3 of 231 comments (clear)

  1. Thanks for the compliment by Amorymeltzer · · Score: 5, Insightful

    At the end of 2010, the "open-source" software movement, whose activists tend to be fringe academics and ponytailed computer geeks...

    Here are some opening lines from previous Wall Street Journal articles:

    - At the end of 2010, the "global financial" traders, who tend to be morally crippled and calloused egomaniacs...
    - At the end of 2010, the "journalistic reporting" newspapers, whose employees tend to be hypocritical parasites and star-struck airheads...
    - At the end of 2010, the "United States", whose elected representatives tend to be greedy lawyers and ignorant blowhards...

    How fun!

    --
    I live in constant fear of the Coming of the Red Spiders.
    1. Re:Thanks for the compliment by h4rr4r · · Score: 5, Insightful

      I like how he mentioned computer geeks and academics, but not Google, Red Hat, IBM or hundreds of other examples of open source in mainstream life.

      Like most of the WSJ this article is full of FUD and written to agree with their readers pre-conceived notions.

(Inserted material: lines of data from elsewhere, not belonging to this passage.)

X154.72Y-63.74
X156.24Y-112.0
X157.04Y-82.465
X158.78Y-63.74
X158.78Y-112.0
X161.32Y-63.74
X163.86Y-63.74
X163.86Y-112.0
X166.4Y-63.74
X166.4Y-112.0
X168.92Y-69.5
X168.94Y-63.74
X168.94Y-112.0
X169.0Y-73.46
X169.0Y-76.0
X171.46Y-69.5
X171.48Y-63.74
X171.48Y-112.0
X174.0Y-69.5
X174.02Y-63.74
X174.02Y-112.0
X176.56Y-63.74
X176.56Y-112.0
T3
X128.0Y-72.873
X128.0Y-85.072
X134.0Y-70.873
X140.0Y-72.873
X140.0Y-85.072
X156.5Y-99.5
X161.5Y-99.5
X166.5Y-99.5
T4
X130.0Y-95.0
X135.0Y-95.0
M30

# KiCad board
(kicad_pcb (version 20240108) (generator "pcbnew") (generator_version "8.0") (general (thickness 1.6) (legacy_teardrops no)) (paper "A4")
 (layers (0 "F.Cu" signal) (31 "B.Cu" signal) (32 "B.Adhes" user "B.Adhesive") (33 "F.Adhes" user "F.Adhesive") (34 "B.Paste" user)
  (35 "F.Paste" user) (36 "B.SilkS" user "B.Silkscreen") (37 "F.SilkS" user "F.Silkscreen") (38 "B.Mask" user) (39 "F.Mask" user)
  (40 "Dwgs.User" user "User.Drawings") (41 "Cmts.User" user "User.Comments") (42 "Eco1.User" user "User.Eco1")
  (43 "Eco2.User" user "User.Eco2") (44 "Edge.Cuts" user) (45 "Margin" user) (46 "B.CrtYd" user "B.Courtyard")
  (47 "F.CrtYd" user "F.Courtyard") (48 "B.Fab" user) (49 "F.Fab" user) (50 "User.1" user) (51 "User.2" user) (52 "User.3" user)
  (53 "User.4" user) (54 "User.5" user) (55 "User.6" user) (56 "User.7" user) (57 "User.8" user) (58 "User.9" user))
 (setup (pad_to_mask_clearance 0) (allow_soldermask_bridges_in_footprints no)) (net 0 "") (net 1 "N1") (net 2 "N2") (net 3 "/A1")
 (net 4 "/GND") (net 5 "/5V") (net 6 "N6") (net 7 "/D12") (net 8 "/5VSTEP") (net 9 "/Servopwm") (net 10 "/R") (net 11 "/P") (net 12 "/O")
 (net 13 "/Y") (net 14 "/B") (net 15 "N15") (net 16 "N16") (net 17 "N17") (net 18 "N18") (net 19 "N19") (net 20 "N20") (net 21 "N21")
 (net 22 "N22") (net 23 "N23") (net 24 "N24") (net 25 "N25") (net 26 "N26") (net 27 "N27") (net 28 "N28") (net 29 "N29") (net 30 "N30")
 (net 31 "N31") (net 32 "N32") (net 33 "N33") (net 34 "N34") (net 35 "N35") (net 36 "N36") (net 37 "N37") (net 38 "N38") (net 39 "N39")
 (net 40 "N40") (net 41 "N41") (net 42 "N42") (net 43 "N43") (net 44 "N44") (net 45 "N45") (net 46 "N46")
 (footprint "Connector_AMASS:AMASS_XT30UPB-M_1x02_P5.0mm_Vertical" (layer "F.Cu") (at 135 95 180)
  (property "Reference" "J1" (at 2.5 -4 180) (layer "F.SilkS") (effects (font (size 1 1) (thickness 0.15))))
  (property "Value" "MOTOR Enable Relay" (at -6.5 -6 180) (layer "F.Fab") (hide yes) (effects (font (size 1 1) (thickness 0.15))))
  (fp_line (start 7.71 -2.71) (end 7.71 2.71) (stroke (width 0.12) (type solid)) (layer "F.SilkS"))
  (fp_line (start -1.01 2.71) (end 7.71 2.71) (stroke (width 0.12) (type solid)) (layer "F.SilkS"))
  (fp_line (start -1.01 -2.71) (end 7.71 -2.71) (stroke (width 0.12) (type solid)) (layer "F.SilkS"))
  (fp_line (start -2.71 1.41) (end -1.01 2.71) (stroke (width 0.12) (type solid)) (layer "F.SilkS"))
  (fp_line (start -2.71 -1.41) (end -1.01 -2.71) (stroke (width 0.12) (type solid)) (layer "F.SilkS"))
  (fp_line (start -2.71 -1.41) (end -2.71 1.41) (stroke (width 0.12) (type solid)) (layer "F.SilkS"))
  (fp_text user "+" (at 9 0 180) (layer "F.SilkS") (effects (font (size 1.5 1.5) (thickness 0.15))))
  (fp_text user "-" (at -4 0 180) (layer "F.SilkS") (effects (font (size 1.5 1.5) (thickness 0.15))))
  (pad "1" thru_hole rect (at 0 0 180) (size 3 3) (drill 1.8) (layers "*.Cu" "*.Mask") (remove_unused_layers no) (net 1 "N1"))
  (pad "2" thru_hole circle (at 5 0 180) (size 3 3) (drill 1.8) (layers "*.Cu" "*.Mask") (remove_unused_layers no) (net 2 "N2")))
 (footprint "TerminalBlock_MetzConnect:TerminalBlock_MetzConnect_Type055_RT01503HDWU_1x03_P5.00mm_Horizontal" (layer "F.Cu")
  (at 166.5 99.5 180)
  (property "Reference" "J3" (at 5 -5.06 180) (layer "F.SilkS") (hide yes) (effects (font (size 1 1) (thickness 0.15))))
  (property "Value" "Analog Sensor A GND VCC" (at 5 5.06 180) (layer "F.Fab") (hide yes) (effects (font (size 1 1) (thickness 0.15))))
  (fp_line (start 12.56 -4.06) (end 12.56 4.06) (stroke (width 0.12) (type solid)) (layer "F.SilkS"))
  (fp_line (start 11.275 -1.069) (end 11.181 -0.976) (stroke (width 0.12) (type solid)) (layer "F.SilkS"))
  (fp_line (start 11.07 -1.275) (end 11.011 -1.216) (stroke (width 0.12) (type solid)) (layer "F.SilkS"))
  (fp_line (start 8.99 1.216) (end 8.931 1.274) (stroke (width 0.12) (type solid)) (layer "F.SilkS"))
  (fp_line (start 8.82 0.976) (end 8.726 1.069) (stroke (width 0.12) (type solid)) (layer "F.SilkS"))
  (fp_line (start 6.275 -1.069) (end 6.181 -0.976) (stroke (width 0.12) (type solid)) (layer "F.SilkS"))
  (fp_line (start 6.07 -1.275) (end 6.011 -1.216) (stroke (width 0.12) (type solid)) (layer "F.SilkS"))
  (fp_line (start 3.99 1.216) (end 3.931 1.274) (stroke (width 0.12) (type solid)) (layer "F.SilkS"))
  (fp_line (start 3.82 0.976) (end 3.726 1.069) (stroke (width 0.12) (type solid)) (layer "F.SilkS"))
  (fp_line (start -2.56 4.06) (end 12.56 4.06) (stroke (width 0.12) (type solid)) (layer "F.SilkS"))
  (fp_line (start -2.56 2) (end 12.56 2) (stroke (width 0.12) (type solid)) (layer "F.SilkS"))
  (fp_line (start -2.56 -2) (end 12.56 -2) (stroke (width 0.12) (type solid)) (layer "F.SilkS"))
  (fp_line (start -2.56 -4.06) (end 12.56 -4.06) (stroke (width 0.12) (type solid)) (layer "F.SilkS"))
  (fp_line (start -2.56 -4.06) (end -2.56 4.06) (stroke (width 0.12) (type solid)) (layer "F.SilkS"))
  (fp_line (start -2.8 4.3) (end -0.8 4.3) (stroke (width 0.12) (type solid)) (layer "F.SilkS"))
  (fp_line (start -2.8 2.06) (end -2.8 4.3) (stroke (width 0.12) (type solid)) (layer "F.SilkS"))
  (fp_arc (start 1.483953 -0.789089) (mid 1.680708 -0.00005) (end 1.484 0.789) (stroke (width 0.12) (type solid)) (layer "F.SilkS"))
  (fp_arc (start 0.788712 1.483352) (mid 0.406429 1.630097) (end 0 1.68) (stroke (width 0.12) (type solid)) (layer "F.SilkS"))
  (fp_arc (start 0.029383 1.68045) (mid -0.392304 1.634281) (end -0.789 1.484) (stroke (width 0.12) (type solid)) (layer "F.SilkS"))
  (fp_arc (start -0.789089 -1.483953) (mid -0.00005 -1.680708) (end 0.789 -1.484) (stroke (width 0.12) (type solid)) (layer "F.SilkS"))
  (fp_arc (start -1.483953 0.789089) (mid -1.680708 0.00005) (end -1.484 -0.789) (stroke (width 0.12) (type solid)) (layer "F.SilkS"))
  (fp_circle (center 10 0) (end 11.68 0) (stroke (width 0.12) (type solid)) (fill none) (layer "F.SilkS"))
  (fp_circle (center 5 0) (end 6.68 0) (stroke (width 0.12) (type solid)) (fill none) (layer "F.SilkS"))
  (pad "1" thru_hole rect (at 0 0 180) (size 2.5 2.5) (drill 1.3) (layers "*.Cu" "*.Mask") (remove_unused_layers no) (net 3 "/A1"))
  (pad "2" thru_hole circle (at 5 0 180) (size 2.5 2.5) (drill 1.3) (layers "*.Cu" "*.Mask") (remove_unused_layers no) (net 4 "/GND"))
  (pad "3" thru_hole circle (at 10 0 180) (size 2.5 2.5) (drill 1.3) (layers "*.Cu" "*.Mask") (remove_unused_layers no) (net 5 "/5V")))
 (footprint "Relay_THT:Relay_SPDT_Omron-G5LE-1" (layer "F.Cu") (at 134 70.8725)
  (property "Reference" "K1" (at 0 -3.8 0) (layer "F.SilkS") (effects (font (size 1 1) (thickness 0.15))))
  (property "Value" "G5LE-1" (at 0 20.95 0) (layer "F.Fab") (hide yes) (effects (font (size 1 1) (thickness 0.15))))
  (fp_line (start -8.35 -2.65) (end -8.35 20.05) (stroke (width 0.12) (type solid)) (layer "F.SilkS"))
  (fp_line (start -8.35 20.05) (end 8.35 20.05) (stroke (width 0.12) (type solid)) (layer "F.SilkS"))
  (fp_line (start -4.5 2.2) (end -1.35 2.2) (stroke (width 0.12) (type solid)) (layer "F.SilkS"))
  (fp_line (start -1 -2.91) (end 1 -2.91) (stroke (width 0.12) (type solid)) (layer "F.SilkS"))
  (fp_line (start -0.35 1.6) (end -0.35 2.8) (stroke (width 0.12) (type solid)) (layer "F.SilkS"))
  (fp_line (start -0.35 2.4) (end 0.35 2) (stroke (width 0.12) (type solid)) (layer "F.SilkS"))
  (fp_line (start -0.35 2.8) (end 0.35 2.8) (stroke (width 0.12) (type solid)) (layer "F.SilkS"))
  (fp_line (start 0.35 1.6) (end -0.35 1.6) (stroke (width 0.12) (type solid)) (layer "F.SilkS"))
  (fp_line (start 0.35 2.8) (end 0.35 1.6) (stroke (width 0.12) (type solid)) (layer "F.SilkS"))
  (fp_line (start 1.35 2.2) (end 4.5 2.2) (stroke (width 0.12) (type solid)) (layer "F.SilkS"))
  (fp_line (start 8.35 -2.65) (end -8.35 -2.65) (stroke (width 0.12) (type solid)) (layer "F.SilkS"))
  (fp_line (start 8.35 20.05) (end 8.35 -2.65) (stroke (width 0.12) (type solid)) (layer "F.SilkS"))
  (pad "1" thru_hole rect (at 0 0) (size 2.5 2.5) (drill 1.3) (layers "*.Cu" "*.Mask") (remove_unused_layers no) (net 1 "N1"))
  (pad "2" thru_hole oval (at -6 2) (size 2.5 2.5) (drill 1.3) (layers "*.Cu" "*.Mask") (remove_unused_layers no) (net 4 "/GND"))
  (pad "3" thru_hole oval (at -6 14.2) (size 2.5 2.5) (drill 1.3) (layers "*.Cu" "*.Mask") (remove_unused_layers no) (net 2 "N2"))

  2. Re:Interesting by mellon · · Score: 5, Informative

    No offense, man, but it looks like you didn't actually read the article—you just skimmed it for something to disagree with. He doesn't say that at all. What he says is that it's likely that national governments, including the U.S. government, will resist purchasing and using software written by companies in other countries. And it's also likely that the U.S. government's attempts to get Silicon Valley companies to put back doors in all their software will feed into this trend.

    The bit about open source isn't even the point of the article—it's just the lead-in. He doesn't actually draw any conclusions about open source other than that it may play some role in the balkanization of software on a national level, because it provides a jumping-off point for national versions of software. Frankly, it's a damned good article; the slashdot summary doesn't do it justice.